- Vazhapadi Location in Tamil Nadu, India
- Coordinates: 11°39′22″N 78°24′06″E﻿ / ﻿11.65611°N 78.40167°E
- Country: India
- State: Tamil Nadu
- District: Salem

Area
- • Total: 8 km^{2} (3 sq mi)

Population (2011)
- • Total: 17,559
- • Density: 2,200/km^{2} (5,700/sq mi)

Languages
- • Official: Tamil
- Time zone: UTC+5:30 (IST)

= Vazhapadi =

Vazhapadi is a panchayat town in Salem district in the Indian state of Tamil Nadu. It is one of the 31 panchayat towns in the district, and is the administrative headquarters of in Vazhapadi taluk.
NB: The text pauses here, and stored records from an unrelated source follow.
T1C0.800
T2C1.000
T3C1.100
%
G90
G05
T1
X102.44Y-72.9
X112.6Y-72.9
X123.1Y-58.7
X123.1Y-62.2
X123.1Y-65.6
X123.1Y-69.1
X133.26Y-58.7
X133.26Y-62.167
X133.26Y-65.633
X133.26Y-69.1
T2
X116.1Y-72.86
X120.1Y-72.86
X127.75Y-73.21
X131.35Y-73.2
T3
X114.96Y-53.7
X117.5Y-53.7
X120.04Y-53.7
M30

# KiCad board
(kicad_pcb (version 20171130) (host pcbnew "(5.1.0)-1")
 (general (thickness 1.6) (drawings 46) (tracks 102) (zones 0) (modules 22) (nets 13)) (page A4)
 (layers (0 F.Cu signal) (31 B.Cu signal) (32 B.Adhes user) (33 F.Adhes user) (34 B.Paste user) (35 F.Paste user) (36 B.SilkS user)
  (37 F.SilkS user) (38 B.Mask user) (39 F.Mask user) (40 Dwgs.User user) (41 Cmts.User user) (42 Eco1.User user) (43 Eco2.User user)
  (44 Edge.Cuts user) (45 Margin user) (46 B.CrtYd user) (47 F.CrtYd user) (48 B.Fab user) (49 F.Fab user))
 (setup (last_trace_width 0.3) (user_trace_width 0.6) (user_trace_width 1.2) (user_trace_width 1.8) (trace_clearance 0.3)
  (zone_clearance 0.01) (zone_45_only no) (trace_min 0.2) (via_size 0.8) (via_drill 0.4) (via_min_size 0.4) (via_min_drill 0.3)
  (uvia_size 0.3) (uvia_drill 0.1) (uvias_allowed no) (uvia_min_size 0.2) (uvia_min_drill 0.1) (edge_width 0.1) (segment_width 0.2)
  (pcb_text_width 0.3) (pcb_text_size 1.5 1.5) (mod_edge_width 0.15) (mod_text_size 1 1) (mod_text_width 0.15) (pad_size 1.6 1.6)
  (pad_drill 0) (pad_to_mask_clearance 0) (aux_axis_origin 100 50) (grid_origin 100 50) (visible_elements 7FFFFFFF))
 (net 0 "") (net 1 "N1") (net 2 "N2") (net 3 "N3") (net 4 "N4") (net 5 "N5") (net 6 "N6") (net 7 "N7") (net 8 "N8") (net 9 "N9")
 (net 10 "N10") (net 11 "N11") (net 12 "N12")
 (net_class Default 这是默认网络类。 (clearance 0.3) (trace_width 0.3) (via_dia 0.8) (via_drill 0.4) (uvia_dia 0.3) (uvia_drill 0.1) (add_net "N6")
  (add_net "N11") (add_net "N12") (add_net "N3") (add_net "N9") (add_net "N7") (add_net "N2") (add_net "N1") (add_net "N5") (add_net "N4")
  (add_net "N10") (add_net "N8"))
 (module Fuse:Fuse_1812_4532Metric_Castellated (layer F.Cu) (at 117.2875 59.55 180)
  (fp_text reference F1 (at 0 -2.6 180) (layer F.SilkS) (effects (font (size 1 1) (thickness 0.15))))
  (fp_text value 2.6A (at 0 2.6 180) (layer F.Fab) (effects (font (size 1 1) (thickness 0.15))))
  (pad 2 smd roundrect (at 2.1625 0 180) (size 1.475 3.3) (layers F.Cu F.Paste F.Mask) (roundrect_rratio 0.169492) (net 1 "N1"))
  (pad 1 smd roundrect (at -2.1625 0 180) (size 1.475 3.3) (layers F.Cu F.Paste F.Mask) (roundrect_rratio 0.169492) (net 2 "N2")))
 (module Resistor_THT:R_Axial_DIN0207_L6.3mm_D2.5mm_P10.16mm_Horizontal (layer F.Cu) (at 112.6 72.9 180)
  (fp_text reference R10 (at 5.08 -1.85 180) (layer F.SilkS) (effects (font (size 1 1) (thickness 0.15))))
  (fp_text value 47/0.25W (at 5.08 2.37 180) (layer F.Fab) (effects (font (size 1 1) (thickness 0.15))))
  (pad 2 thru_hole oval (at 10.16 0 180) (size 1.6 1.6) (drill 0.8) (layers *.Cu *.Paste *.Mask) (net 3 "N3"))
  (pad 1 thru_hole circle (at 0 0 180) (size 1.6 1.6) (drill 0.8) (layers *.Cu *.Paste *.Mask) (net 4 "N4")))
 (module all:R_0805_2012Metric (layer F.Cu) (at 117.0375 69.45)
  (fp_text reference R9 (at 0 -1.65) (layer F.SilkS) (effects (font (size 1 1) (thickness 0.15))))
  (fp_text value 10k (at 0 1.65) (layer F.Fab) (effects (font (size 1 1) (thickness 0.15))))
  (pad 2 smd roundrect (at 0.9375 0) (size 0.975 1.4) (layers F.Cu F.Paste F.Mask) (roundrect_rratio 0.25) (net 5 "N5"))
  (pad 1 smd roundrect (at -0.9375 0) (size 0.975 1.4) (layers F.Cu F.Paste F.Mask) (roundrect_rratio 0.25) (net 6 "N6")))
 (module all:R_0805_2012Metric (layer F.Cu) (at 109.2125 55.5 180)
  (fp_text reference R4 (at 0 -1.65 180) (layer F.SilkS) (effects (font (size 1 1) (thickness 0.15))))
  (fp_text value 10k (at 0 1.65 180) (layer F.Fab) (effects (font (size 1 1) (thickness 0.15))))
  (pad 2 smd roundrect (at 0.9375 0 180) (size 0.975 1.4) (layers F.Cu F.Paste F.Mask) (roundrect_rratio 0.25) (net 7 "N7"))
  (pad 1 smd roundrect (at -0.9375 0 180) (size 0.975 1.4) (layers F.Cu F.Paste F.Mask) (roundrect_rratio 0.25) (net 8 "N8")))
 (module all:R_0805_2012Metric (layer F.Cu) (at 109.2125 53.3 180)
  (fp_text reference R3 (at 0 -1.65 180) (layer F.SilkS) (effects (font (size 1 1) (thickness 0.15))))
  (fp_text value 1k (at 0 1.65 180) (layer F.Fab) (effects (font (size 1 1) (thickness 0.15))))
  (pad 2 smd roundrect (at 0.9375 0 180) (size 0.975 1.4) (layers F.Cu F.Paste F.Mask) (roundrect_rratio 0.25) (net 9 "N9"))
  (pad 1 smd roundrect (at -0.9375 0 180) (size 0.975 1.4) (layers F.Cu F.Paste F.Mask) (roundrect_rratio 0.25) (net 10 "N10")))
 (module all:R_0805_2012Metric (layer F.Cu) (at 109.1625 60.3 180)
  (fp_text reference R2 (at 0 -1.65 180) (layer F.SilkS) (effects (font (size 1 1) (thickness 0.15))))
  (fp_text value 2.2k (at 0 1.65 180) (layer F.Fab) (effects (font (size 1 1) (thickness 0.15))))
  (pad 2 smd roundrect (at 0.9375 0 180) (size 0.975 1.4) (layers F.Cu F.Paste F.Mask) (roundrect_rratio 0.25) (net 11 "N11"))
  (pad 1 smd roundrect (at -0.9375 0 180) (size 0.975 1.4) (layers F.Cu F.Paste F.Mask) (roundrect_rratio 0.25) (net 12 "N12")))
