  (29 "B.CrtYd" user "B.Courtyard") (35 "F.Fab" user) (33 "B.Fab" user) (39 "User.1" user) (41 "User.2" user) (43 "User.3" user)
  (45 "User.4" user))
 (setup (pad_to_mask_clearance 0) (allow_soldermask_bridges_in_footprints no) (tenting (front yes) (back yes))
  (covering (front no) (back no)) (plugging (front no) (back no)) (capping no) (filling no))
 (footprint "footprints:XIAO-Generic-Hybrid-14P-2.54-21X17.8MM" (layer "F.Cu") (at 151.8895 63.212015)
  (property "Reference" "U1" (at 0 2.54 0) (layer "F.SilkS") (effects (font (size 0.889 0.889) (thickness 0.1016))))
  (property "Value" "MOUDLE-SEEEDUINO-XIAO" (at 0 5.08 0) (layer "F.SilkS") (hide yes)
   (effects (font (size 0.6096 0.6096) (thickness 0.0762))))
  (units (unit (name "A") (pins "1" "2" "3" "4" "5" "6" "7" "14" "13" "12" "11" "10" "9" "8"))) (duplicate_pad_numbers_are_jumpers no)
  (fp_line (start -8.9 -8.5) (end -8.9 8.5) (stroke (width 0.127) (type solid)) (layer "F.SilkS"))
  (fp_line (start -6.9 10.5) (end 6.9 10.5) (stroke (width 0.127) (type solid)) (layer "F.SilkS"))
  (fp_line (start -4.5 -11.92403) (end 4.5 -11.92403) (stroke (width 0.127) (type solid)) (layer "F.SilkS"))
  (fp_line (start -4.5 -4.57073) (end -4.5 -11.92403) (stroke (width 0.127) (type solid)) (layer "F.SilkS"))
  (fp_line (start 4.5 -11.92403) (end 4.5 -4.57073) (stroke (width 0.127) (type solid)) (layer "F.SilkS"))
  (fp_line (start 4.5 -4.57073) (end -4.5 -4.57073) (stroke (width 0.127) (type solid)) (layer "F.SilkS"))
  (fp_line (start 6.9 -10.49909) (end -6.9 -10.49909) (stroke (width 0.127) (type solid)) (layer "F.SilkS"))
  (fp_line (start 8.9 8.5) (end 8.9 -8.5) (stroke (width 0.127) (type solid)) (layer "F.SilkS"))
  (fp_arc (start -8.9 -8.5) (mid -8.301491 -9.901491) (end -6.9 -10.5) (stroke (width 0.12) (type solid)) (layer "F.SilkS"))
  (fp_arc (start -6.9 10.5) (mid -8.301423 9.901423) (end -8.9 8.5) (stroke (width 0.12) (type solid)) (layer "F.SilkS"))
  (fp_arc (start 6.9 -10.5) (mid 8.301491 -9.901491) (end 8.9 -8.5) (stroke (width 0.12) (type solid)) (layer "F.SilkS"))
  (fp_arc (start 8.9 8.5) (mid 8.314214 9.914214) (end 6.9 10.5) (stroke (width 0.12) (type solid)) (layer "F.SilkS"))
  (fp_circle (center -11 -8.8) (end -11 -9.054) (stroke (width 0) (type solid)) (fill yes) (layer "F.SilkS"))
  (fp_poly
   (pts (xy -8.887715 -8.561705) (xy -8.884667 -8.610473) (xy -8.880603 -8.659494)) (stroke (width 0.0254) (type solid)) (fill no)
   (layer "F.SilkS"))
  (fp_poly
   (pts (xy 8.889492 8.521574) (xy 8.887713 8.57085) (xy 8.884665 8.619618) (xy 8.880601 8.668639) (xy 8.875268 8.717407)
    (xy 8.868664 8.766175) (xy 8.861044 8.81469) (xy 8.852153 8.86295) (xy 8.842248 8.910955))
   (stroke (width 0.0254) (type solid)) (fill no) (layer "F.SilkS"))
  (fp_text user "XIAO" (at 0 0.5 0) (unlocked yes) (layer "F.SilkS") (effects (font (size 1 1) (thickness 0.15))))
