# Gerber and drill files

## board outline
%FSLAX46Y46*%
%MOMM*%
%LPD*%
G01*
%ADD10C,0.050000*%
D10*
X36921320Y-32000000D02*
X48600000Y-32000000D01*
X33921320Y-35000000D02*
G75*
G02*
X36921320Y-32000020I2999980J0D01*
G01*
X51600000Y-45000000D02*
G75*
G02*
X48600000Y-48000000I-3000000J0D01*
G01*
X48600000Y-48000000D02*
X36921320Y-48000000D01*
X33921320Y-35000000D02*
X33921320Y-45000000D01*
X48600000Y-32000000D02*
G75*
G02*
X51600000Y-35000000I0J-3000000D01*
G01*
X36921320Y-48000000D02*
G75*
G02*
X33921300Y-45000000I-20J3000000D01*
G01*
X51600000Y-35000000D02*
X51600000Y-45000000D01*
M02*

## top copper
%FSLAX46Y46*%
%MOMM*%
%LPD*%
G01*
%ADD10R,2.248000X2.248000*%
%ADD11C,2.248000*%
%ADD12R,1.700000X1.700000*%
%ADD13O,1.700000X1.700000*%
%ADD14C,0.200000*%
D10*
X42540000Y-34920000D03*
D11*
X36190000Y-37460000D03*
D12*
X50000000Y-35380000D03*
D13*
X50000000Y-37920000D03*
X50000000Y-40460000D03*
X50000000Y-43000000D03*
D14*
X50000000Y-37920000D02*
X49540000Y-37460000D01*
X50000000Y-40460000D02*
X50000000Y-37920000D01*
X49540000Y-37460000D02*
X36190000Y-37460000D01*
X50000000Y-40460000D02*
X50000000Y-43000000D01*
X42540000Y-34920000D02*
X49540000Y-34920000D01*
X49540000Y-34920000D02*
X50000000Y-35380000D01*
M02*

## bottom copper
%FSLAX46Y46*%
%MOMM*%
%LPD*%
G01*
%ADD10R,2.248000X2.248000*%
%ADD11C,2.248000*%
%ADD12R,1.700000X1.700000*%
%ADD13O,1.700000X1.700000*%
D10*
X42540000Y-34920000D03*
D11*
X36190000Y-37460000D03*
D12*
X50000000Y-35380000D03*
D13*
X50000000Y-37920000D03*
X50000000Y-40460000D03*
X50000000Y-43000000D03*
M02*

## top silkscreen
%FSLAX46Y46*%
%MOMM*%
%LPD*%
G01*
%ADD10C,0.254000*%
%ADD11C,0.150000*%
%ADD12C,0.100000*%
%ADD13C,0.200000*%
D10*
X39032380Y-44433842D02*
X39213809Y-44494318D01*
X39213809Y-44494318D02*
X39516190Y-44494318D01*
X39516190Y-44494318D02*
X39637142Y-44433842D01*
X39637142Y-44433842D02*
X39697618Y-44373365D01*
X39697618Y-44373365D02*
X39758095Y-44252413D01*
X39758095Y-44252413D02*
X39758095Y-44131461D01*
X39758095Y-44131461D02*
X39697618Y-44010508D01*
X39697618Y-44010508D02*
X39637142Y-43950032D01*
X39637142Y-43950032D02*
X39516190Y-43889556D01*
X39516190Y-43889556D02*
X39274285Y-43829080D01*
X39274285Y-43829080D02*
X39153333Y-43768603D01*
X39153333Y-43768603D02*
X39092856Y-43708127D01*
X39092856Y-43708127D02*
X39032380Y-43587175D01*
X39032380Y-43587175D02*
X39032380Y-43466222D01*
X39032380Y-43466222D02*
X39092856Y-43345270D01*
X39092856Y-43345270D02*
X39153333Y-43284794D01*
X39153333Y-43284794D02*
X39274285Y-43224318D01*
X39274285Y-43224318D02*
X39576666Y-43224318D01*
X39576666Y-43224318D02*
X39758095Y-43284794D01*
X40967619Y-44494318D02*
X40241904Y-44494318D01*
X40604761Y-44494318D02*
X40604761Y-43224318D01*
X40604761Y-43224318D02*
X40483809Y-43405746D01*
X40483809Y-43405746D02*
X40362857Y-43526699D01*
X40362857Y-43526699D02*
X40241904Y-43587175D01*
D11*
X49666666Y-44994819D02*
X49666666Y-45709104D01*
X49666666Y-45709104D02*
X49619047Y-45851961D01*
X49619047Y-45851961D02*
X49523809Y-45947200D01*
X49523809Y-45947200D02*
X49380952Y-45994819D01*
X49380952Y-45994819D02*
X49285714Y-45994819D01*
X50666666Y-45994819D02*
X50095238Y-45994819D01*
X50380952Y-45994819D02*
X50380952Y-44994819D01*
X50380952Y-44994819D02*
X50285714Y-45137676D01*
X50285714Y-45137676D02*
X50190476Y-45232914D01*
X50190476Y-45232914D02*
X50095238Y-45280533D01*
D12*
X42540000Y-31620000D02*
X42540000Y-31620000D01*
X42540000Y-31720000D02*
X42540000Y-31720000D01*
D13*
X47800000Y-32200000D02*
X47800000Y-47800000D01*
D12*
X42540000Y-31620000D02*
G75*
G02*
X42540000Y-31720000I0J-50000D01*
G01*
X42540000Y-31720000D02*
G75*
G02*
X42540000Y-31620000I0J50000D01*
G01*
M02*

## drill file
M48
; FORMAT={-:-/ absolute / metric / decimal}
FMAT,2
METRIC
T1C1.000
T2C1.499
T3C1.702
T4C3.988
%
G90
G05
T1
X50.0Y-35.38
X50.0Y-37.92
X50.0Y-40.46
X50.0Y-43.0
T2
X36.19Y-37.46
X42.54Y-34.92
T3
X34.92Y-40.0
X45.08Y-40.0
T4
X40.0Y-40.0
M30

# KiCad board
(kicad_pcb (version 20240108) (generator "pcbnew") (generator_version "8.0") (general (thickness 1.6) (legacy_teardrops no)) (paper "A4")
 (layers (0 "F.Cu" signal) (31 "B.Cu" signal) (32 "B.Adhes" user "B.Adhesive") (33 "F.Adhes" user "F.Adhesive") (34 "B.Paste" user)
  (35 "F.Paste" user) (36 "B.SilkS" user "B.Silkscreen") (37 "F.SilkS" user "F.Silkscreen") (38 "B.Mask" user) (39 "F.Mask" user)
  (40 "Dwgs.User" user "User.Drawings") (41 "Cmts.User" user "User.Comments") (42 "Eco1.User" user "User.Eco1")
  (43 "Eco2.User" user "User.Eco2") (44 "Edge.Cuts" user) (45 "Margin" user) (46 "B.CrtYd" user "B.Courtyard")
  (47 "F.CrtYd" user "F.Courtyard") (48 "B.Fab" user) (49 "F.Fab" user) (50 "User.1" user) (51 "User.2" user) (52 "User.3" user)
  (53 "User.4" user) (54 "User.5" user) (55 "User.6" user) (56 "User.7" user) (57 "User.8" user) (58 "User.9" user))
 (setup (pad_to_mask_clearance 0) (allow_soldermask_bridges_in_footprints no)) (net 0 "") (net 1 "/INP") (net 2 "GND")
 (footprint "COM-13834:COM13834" (layer "F.Cu") (at 42.54 34.92)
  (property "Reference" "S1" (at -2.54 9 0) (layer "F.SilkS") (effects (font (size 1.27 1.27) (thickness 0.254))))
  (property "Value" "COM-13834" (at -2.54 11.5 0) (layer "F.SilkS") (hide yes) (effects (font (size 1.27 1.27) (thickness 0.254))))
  (fp_line (start 0 -3.3) (end 0 -3.3) (stroke (width 0.1) (type solid)) (layer "F.SilkS"))
  (fp_line (start 0 -3.2) (end 0 -3.2) (stroke (width 0.1) (type solid)) (layer "F.SilkS"))
  (fp_line (start 5.26 -2.72) (end 5.26 12.88) (stroke (width 0.2) (type solid)) (layer "F.SilkS"))
  (fp_arc (start 0 -3.3) (mid 0.05 -3.25) (end 0 -3.2) (stroke (width 0.1) (type solid)) (layer "F.SilkS"))
  (fp_arc (start 0 -3.2) (mid -0.05 -3.25) (end 0 -3.3) (stroke (width 0.1) (type solid)) (layer "F.SilkS"))
  (pad "" np_thru_hole circle (at -7.62 5.08) (size 1.7018 1.7018) (drill 1.7018) (layers "*.Cu" "*.Mask"))
  (pad "" np_thru_hole circle (at -2.54 5.08) (size 3.9878 3.9878) (drill 3.9878) (layers "*.Cu" "*.Mask"))
  (pad "" np_thru_hole circle (at 2.54 5.08) (size 1.7018 1.7018) (drill 1.7018) (layers "*.Cu" "*.Mask"))
  (pad "1" thru_hole rect (at 0 0) (size 2.248 2.248) (drill 1.4986) (layers "*.Cu" "*.Mask") (remove_unused_layers no) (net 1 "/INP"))
  (pad "2" thru_hole circle (at -6.35 2.54) (size 2.248 2.248) (drill 1.4986) (layers "*.Cu" "*.Mask") (remove_unused_layers no)
   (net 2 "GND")))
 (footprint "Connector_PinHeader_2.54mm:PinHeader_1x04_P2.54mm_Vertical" (layer "B.Cu") (at 50 35.38 180)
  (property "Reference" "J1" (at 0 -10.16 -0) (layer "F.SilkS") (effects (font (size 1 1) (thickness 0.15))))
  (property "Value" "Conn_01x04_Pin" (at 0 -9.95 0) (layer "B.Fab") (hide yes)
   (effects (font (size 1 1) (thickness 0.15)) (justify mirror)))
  (pad "1" thru_hole rect (at 0 0 180) (size 1.7 1.7) (drill 1) (layers "*.Cu" "*.Mask") (remove_unused_layers no) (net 1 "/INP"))
  (pad "2" thru_hole oval (at 0 -2.54 180) (size 1.7 1.7) (drill 1) (layers "*.Cu" "*.Mask") (remove_unused_layers no) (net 2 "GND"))
  (pad "3" thru_hole oval (at 0 -5.08 180) (size 1.7 1.7) (drill 1) (layers "*.Cu" "*.Mask") (remove_unused_layers no) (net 2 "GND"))
  (pad "4" thru_hole oval (at 0 -7.62 180) (size 1.7 1.7) (drill 1) (layers "*.Cu" "*.Mask") (remove_unused_layers no) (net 2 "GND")))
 (gr_line (start 36.92132 32) (end 48.6 32) (stroke (width 0.05) (type default)) (layer "Edge.Cuts"))
 (gr_arc (start 33.92132 35) (mid 34.8 32.87868) (end 36.92132 32) (stroke (width 0.05) (type default)) (layer "Edge.Cuts"))
 (gr_arc (start 51.6 45) (mid 50.72132 47.12132) (end 48.6 48) (stroke (width 0.05) (type default)) (layer "Edge.Cuts"))
 (gr_line (start 48.6 48) (end 36.92132 48) (stroke (width 0.05) (type default)) (layer "Edge.Cuts"))
 (gr_line (start 33.92132 35) (end 33.92132 45) (stroke (width 0.05) (type default)) (layer "Edge.Cuts"))
 (gr_arc (start 48.6 32) (mid 50.72132 32.87868) (end 51.6 35) (stroke (width 0.05) (type default)) (layer "Edge.Cuts"))
 (gr_arc (start 36.92132 48) (mid 34.8 47.12132) (end 33.92132 45) (stroke (width 0.05) (type default)) (layer "Edge.Cuts"))
 (gr_line (start 51.6 35) (end 51.6 45) (stroke (width 0.05) (type default)) (layer "Edge.Cuts"))
 (segment (start 50 37.92) (end 49.54 37.46) (width 0.2) (layer "F.Cu") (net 2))
 (segment (start 50 40.46) (end 50 37.92) (width 0.2) (layer "F.Cu") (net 2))
 (segment (start 49.54 37.46) (end 36.19 37.46) (width 0.2) (layer "F.Cu") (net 2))
 (segment (start 50 40.46) (end 50 43) (width 0.2) (layer "F.Cu") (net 2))
 (segment (start 42.54 34.92) (end 49.54 34.92) (width 0.2) (layer "F.Cu") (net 1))
 (segment (start 49.54 34.92) (end 50 35.38) (width 0.2) (layer "F.Cu") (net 1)))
Spread across an area of 8 km2, it had a population of 17,559 individuals as per the 2011 census.

== Geography and administration ==
Vazhapadi is located in Salem district in the Indian state of Tamil Nadu. It is one of the 31 panchayat towns in the district, and is the administrative headquarters of in Vazhapadi taluk. It is spread across an area of 8 km2. The town panchayat is headed by a chairperson, who is elected by the members, who are chosen through direct elections. The town forms part of the Veerapandi Assembly constituency that elects its member to the Tamil Nadu legislative assembly and the Salem Lok Sabha constituency that elects its member to the Parliament of India.

==Demographics==
As per the 2011 census, Vazhapadi had a population of 17,559 individuals across 4,582 households. The population saw a marginal increase compared to the previous census in 2001 when 16,104 inhabitants were registered. The population consisted of 8,843 males and 8,716 females. About 1,679 individuals were below the age of six years. About 26.4% of the population belonged to scheduled castes. The entire population is classified as urban. The town has an average literacy rate of 82.3%.

About 41.6% of the eligible population were employed full-time, of which majority were involved in agriculture and allied activities. Hinduism was the majority religion which was followed by 95.4% of the population, with Islam (2.6%) and Christianity (1.9%) being minor religions.